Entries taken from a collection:
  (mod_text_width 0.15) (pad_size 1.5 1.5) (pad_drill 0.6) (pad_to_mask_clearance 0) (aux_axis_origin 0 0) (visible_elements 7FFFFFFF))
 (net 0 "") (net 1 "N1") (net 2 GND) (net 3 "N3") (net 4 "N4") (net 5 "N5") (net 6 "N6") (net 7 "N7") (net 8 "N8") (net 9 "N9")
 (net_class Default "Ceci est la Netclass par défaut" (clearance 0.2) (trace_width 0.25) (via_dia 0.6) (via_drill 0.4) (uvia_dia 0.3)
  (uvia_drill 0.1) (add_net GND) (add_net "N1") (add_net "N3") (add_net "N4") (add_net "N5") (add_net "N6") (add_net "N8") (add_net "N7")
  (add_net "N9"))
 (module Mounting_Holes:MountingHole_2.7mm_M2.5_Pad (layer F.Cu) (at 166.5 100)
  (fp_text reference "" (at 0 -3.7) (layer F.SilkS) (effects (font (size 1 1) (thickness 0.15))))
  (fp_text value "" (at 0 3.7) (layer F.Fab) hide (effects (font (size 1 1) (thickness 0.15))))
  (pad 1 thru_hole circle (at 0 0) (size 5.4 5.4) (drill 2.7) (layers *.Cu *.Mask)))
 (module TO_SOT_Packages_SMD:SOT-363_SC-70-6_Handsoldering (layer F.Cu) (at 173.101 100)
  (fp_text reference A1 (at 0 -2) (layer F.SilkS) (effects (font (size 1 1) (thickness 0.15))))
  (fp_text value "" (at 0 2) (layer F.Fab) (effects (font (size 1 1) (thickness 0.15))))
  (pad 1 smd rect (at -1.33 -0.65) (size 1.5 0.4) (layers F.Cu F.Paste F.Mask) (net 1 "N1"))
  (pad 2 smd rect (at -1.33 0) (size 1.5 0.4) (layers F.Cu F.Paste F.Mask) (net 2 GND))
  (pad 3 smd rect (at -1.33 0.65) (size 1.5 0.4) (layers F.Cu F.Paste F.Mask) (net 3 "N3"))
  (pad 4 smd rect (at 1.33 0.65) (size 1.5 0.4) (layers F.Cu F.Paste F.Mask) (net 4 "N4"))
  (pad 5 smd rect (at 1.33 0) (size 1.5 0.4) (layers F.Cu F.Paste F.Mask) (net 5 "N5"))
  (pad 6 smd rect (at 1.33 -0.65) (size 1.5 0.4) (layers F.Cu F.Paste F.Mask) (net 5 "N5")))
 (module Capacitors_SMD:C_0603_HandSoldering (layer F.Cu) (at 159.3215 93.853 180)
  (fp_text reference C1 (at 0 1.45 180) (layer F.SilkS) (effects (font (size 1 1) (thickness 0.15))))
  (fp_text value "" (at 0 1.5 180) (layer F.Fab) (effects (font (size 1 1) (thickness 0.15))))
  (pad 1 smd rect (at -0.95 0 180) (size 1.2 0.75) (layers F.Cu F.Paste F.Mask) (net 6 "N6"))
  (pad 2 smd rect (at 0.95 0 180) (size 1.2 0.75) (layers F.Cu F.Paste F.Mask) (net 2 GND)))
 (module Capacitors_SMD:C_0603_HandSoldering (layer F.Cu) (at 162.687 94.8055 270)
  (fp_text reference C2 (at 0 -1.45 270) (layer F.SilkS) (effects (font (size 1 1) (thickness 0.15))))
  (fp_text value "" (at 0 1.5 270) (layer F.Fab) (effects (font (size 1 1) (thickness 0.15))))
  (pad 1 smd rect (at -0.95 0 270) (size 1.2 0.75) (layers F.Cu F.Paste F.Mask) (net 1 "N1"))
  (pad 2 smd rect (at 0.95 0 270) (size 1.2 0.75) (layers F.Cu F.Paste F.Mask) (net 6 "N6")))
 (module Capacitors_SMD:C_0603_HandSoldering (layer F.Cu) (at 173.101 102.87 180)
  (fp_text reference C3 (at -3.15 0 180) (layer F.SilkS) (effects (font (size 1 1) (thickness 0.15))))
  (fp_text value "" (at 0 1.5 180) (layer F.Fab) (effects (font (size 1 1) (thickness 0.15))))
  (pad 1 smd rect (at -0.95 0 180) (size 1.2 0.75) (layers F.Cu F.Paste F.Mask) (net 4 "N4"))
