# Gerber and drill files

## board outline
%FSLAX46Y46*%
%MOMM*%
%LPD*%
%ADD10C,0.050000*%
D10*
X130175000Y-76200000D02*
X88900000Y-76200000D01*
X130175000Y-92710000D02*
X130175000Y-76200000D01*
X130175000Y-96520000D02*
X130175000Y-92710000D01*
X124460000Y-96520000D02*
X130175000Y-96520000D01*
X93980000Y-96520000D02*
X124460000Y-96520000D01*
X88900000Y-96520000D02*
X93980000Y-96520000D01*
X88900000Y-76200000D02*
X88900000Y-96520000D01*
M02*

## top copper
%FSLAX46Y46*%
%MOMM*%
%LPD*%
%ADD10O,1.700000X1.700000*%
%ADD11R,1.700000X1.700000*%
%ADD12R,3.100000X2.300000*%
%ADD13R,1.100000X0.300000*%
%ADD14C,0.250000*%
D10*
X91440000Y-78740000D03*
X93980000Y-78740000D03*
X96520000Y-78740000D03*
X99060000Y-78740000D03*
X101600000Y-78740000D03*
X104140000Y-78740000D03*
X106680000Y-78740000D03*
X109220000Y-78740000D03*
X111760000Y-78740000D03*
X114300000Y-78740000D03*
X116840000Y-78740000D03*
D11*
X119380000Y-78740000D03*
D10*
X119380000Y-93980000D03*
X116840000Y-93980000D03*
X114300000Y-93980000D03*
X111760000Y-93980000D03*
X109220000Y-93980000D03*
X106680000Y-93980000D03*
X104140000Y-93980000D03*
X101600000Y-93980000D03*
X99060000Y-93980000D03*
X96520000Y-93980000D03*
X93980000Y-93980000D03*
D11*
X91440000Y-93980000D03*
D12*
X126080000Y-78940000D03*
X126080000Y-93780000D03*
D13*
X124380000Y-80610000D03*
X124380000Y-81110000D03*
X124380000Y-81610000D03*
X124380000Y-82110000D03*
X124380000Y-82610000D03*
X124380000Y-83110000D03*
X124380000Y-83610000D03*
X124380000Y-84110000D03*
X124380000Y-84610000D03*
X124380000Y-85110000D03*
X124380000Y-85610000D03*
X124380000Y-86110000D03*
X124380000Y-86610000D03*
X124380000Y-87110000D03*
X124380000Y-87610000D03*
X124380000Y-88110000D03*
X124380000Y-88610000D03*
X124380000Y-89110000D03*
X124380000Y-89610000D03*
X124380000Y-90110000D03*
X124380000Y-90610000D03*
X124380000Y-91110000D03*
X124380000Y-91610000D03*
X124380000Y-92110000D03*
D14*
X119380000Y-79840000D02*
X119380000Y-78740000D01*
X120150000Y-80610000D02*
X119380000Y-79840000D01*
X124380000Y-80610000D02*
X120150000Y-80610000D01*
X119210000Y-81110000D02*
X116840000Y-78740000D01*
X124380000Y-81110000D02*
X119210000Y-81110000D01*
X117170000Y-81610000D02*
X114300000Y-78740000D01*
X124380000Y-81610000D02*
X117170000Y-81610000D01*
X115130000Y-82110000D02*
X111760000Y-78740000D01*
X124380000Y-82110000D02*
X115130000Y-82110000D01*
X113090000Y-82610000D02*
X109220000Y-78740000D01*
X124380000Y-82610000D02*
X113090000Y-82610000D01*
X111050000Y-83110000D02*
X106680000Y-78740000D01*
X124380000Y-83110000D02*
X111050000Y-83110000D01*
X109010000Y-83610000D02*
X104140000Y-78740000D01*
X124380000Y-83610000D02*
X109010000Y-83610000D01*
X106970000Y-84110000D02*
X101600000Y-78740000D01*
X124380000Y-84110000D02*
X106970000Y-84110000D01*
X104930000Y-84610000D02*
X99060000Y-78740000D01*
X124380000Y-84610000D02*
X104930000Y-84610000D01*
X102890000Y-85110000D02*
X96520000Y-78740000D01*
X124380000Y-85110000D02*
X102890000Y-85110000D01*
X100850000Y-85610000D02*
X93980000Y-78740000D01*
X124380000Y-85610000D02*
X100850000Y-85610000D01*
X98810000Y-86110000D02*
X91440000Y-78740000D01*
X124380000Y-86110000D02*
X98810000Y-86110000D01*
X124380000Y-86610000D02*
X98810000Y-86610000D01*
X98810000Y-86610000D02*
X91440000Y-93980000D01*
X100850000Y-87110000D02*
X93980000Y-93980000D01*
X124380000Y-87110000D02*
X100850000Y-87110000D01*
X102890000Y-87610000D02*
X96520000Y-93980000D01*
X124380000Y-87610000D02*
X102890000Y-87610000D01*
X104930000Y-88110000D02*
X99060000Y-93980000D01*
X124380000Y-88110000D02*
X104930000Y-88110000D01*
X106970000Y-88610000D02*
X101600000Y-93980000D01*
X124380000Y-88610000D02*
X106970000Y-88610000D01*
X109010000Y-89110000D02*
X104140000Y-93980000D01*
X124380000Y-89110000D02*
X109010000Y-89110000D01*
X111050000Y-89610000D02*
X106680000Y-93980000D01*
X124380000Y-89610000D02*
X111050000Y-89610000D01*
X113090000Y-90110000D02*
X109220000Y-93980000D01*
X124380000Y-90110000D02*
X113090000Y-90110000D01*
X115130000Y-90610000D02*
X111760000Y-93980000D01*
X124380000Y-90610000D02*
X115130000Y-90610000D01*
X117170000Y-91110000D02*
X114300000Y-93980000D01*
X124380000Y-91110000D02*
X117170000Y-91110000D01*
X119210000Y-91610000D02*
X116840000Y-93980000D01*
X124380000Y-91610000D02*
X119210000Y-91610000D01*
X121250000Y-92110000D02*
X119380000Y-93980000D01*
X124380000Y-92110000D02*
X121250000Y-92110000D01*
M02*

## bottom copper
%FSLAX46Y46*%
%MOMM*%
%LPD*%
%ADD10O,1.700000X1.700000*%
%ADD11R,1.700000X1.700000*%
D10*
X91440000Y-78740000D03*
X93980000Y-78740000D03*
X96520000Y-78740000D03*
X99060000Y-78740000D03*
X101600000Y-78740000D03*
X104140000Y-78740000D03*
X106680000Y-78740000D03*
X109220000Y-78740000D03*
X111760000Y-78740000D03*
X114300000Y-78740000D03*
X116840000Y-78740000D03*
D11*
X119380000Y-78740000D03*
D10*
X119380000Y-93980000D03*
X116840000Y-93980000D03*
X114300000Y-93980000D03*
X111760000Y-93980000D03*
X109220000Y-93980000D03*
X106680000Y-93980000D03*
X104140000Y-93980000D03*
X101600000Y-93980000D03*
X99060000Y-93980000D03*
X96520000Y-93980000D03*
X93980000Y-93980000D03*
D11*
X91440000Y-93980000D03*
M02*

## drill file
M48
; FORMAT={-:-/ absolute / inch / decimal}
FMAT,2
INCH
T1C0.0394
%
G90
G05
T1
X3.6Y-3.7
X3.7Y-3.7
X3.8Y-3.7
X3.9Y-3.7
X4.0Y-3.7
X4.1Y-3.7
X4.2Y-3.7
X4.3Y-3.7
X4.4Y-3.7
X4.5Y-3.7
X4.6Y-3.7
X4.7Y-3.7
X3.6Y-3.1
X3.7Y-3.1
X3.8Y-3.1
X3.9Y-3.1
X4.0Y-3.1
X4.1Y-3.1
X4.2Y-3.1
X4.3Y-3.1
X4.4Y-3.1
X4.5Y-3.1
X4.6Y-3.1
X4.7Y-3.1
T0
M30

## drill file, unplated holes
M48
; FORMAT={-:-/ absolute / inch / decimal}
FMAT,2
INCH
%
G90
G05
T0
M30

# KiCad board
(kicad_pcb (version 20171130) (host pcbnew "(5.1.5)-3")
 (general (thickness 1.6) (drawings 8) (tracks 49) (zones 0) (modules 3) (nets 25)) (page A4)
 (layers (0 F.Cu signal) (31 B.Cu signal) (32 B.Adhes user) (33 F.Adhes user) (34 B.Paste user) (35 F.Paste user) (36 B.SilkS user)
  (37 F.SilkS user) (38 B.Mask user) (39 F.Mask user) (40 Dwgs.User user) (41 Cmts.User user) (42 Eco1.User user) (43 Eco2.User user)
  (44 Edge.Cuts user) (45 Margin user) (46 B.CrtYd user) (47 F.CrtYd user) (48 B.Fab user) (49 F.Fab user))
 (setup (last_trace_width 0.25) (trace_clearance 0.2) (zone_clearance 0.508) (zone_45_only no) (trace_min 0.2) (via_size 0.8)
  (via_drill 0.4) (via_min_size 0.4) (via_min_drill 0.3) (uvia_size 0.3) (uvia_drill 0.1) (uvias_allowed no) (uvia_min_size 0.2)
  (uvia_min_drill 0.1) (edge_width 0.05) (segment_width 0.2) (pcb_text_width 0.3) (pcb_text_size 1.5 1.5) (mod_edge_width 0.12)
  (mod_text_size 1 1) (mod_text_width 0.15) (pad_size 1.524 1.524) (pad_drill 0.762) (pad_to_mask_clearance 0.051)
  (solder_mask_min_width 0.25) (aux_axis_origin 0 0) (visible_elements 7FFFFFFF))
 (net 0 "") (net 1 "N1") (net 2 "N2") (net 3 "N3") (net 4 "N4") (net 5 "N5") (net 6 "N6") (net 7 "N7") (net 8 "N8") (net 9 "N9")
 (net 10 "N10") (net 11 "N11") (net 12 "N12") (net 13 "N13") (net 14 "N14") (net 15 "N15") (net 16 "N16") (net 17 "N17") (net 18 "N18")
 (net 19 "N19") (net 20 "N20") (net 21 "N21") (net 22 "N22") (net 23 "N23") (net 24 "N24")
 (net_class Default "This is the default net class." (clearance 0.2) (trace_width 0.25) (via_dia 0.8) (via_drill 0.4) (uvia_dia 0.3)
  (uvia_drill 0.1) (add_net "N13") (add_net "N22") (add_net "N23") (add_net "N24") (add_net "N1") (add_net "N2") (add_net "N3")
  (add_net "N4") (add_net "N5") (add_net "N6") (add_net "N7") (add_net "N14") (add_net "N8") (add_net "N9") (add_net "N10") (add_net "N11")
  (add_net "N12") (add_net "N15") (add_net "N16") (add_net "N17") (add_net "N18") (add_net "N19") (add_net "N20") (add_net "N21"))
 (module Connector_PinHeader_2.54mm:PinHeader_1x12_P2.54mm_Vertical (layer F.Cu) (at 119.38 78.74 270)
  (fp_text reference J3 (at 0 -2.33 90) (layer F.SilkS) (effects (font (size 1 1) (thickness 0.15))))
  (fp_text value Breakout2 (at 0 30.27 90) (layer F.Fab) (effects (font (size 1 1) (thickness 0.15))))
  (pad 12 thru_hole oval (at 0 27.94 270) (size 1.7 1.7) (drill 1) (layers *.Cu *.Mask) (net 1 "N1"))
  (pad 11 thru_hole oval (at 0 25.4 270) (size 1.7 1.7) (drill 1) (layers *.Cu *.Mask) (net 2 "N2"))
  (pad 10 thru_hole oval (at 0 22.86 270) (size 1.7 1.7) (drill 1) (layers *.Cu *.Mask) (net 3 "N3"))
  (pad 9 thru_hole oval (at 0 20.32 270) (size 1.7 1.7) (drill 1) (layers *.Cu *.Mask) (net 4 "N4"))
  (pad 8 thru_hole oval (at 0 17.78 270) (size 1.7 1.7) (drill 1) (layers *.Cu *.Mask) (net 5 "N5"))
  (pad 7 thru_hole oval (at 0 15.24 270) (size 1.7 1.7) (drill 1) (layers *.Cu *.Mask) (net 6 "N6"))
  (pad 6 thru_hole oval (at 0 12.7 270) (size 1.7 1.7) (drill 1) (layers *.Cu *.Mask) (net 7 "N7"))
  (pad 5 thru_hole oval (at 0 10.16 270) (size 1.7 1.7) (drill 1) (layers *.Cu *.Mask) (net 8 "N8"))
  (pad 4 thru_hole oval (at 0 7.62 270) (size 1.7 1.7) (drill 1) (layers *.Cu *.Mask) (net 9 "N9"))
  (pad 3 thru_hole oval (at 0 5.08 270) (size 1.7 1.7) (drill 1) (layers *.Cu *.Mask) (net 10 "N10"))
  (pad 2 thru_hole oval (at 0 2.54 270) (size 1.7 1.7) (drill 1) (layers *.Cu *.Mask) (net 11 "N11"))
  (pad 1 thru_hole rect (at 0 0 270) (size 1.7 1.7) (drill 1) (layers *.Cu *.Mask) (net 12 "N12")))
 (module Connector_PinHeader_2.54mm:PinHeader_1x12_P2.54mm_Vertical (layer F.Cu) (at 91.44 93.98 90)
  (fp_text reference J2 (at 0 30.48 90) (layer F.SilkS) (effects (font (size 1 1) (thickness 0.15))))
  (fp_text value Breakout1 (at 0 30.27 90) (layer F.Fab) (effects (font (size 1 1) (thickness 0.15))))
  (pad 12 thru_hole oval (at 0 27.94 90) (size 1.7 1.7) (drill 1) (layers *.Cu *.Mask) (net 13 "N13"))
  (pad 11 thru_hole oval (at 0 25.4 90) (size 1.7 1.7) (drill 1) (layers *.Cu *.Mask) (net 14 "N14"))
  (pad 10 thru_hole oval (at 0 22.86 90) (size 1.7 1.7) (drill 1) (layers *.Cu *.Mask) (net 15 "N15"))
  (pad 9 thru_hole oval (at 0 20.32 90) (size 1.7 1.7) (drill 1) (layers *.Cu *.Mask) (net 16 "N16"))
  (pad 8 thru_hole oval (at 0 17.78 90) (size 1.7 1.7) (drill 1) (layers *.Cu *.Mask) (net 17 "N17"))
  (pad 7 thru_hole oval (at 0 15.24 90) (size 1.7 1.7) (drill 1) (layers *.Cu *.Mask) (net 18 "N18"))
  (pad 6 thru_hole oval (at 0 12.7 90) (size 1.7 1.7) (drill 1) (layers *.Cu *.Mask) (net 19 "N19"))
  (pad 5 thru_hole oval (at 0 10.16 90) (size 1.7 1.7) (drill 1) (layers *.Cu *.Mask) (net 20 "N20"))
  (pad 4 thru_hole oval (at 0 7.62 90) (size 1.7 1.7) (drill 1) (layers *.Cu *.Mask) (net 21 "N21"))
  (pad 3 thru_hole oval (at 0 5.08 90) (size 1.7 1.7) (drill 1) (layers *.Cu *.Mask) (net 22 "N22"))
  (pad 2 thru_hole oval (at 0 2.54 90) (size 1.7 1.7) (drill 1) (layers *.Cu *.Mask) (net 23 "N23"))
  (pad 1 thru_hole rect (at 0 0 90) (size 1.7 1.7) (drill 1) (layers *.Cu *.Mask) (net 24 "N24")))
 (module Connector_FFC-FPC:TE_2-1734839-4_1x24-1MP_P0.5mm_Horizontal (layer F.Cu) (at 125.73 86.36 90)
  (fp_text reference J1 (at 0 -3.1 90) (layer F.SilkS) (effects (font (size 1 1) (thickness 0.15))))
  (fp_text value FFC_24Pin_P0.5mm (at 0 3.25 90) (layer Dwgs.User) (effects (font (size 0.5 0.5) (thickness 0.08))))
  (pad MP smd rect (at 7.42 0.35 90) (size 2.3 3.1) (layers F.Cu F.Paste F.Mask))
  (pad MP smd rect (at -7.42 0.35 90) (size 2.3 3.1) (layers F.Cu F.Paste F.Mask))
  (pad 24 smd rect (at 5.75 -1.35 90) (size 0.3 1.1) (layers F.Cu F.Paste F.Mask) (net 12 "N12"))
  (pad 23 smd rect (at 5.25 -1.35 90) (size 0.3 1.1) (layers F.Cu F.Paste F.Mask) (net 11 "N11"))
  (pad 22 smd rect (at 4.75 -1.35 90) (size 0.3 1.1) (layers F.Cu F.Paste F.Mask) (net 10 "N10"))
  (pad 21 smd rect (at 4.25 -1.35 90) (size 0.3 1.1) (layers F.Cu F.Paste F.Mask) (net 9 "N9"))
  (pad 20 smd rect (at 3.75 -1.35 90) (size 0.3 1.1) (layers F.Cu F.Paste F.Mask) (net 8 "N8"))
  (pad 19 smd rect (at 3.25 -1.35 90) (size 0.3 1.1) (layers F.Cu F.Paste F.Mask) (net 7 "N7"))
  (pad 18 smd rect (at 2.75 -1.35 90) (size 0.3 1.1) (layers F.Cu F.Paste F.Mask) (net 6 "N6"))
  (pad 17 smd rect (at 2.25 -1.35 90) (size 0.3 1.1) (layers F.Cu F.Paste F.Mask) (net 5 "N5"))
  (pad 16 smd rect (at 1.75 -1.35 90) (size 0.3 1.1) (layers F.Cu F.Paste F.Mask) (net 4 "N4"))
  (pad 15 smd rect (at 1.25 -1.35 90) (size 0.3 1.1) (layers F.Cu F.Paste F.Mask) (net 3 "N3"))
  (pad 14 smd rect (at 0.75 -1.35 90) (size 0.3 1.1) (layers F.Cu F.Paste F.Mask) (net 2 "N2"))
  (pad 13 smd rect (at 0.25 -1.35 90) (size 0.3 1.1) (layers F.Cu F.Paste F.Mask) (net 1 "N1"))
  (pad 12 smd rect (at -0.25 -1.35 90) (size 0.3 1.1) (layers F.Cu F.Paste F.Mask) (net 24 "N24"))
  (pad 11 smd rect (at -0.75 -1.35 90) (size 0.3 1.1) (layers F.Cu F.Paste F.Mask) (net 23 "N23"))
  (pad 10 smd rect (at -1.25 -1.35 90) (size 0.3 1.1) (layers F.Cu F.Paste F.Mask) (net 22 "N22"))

==

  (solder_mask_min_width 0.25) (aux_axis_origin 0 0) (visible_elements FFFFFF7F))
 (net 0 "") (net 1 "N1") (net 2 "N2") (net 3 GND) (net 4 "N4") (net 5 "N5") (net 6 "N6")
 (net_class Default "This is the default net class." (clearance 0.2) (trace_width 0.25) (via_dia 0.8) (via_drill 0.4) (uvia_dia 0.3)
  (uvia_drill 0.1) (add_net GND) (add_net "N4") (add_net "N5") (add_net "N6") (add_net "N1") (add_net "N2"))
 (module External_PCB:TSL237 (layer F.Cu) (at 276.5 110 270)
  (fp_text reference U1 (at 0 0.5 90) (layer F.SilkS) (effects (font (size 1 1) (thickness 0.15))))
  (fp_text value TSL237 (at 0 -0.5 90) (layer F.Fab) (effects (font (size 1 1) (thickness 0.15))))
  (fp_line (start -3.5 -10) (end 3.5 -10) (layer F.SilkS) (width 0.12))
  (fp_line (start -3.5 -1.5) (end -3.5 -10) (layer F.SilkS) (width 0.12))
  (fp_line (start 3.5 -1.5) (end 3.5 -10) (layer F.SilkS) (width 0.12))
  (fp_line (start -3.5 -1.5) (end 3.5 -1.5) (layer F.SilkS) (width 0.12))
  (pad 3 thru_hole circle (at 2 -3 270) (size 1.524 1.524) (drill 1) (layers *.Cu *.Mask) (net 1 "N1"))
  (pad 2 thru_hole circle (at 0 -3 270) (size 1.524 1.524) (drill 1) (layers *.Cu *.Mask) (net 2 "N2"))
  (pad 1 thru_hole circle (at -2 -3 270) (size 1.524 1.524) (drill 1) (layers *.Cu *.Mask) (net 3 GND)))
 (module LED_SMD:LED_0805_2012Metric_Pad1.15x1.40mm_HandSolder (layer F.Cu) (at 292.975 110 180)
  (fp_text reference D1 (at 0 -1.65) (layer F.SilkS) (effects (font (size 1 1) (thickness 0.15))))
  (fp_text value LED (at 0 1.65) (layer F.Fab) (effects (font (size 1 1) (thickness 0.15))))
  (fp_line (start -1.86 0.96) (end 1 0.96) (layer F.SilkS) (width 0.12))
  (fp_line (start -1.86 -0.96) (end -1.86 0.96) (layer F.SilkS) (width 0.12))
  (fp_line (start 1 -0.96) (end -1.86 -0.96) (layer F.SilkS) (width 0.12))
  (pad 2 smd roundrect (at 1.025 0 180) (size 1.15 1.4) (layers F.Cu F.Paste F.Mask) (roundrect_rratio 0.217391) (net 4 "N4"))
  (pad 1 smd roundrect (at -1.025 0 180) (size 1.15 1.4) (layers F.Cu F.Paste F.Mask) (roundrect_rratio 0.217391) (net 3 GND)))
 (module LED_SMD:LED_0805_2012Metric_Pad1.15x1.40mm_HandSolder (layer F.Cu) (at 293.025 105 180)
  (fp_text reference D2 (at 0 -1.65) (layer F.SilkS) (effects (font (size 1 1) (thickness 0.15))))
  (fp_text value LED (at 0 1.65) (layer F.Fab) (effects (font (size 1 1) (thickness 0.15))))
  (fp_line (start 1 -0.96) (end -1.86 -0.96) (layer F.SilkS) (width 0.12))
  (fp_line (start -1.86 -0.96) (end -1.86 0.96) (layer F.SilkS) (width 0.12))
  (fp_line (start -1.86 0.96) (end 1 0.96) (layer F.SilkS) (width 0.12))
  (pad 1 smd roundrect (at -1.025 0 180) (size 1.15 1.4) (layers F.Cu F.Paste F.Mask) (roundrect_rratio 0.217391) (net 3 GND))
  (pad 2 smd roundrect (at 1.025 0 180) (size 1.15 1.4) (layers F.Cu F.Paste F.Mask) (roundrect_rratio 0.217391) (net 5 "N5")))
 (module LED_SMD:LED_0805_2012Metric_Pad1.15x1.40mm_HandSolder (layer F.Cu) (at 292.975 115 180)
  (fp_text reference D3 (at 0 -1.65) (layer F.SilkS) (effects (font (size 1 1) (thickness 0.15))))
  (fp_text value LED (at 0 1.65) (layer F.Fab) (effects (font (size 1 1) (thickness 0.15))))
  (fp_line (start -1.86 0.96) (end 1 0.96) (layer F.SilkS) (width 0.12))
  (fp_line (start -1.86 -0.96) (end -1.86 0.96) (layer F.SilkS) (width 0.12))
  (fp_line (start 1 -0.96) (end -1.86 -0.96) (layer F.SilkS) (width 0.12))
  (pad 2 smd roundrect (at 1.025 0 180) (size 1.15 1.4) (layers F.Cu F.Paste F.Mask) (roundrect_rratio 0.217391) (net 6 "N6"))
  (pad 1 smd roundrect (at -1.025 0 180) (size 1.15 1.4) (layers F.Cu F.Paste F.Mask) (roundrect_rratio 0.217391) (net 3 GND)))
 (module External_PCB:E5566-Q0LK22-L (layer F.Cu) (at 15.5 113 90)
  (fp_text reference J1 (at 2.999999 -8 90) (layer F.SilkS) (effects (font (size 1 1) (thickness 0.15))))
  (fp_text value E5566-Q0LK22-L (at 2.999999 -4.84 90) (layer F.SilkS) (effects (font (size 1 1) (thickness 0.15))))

* * *

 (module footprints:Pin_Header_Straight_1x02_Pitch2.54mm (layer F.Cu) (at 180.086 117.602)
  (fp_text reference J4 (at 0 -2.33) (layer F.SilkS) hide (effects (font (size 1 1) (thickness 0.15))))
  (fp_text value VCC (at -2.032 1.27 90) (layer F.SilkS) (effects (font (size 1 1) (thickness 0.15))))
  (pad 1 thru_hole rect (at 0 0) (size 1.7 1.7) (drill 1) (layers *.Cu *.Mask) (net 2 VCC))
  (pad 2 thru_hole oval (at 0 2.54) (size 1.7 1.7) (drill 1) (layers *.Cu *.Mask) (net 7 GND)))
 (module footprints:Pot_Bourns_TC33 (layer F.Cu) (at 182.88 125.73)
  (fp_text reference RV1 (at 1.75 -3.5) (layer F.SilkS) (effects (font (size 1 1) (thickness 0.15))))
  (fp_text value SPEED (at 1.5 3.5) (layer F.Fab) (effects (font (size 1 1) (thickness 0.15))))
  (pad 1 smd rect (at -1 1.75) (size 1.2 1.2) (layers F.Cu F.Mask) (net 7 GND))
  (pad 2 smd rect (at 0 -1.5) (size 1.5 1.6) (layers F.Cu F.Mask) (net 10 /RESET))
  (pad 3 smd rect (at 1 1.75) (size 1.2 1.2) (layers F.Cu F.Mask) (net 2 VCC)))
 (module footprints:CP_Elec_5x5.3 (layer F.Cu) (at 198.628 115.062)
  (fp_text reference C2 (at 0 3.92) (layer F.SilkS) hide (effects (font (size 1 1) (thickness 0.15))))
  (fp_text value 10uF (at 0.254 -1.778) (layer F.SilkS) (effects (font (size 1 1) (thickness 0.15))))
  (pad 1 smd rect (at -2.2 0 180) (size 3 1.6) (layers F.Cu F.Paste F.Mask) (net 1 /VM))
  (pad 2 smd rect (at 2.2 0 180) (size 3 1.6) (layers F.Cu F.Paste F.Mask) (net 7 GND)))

■ Task instructions: Whenever the word "roundrect" occurs in a line above, copy that line.

■ Answer to this task:
  (pad 2 smd roundrect (at 1.025 0 180) (size 1.15 1.4) (layers F.Cu F.Paste F.Mask) (roundrect_rratio 0.217391) (net 4 "N4"))
  (pad 1 smd roundrect (at -1.025 0 180) (size 1.15 1.4) (layers F.Cu F.Paste F.Mask) (roundrect_rratio 0.217391) (net 3 GND)))
  (pad 1 smd roundrect (at -1.025 0 180) (size 1.15 1.4) (layers F.Cu F.Paste F.Mask) (roundrect_rratio 0.217391) (net 3 GND))
  (pad 2 smd roundrect (at 1.025 0 180) (size 1.15 1.4) (layers F.Cu F.Paste F.Mask) (roundrect_rratio 0.217391) (net 5 "N5")))
  (pad 2 smd roundrect (at 1.025 0 180) (size 1.15 1.4) (layers F.Cu F.Paste F.Mask) (roundrect_rratio 0.217391) (net 6 "N6"))
  (pad 1 smd roundrect (at -1.025 0 180) (size 1.15 1.4) (layers F.Cu F.Paste F.Mask) (roundrect_rratio 0.217391) (net 3 GND)))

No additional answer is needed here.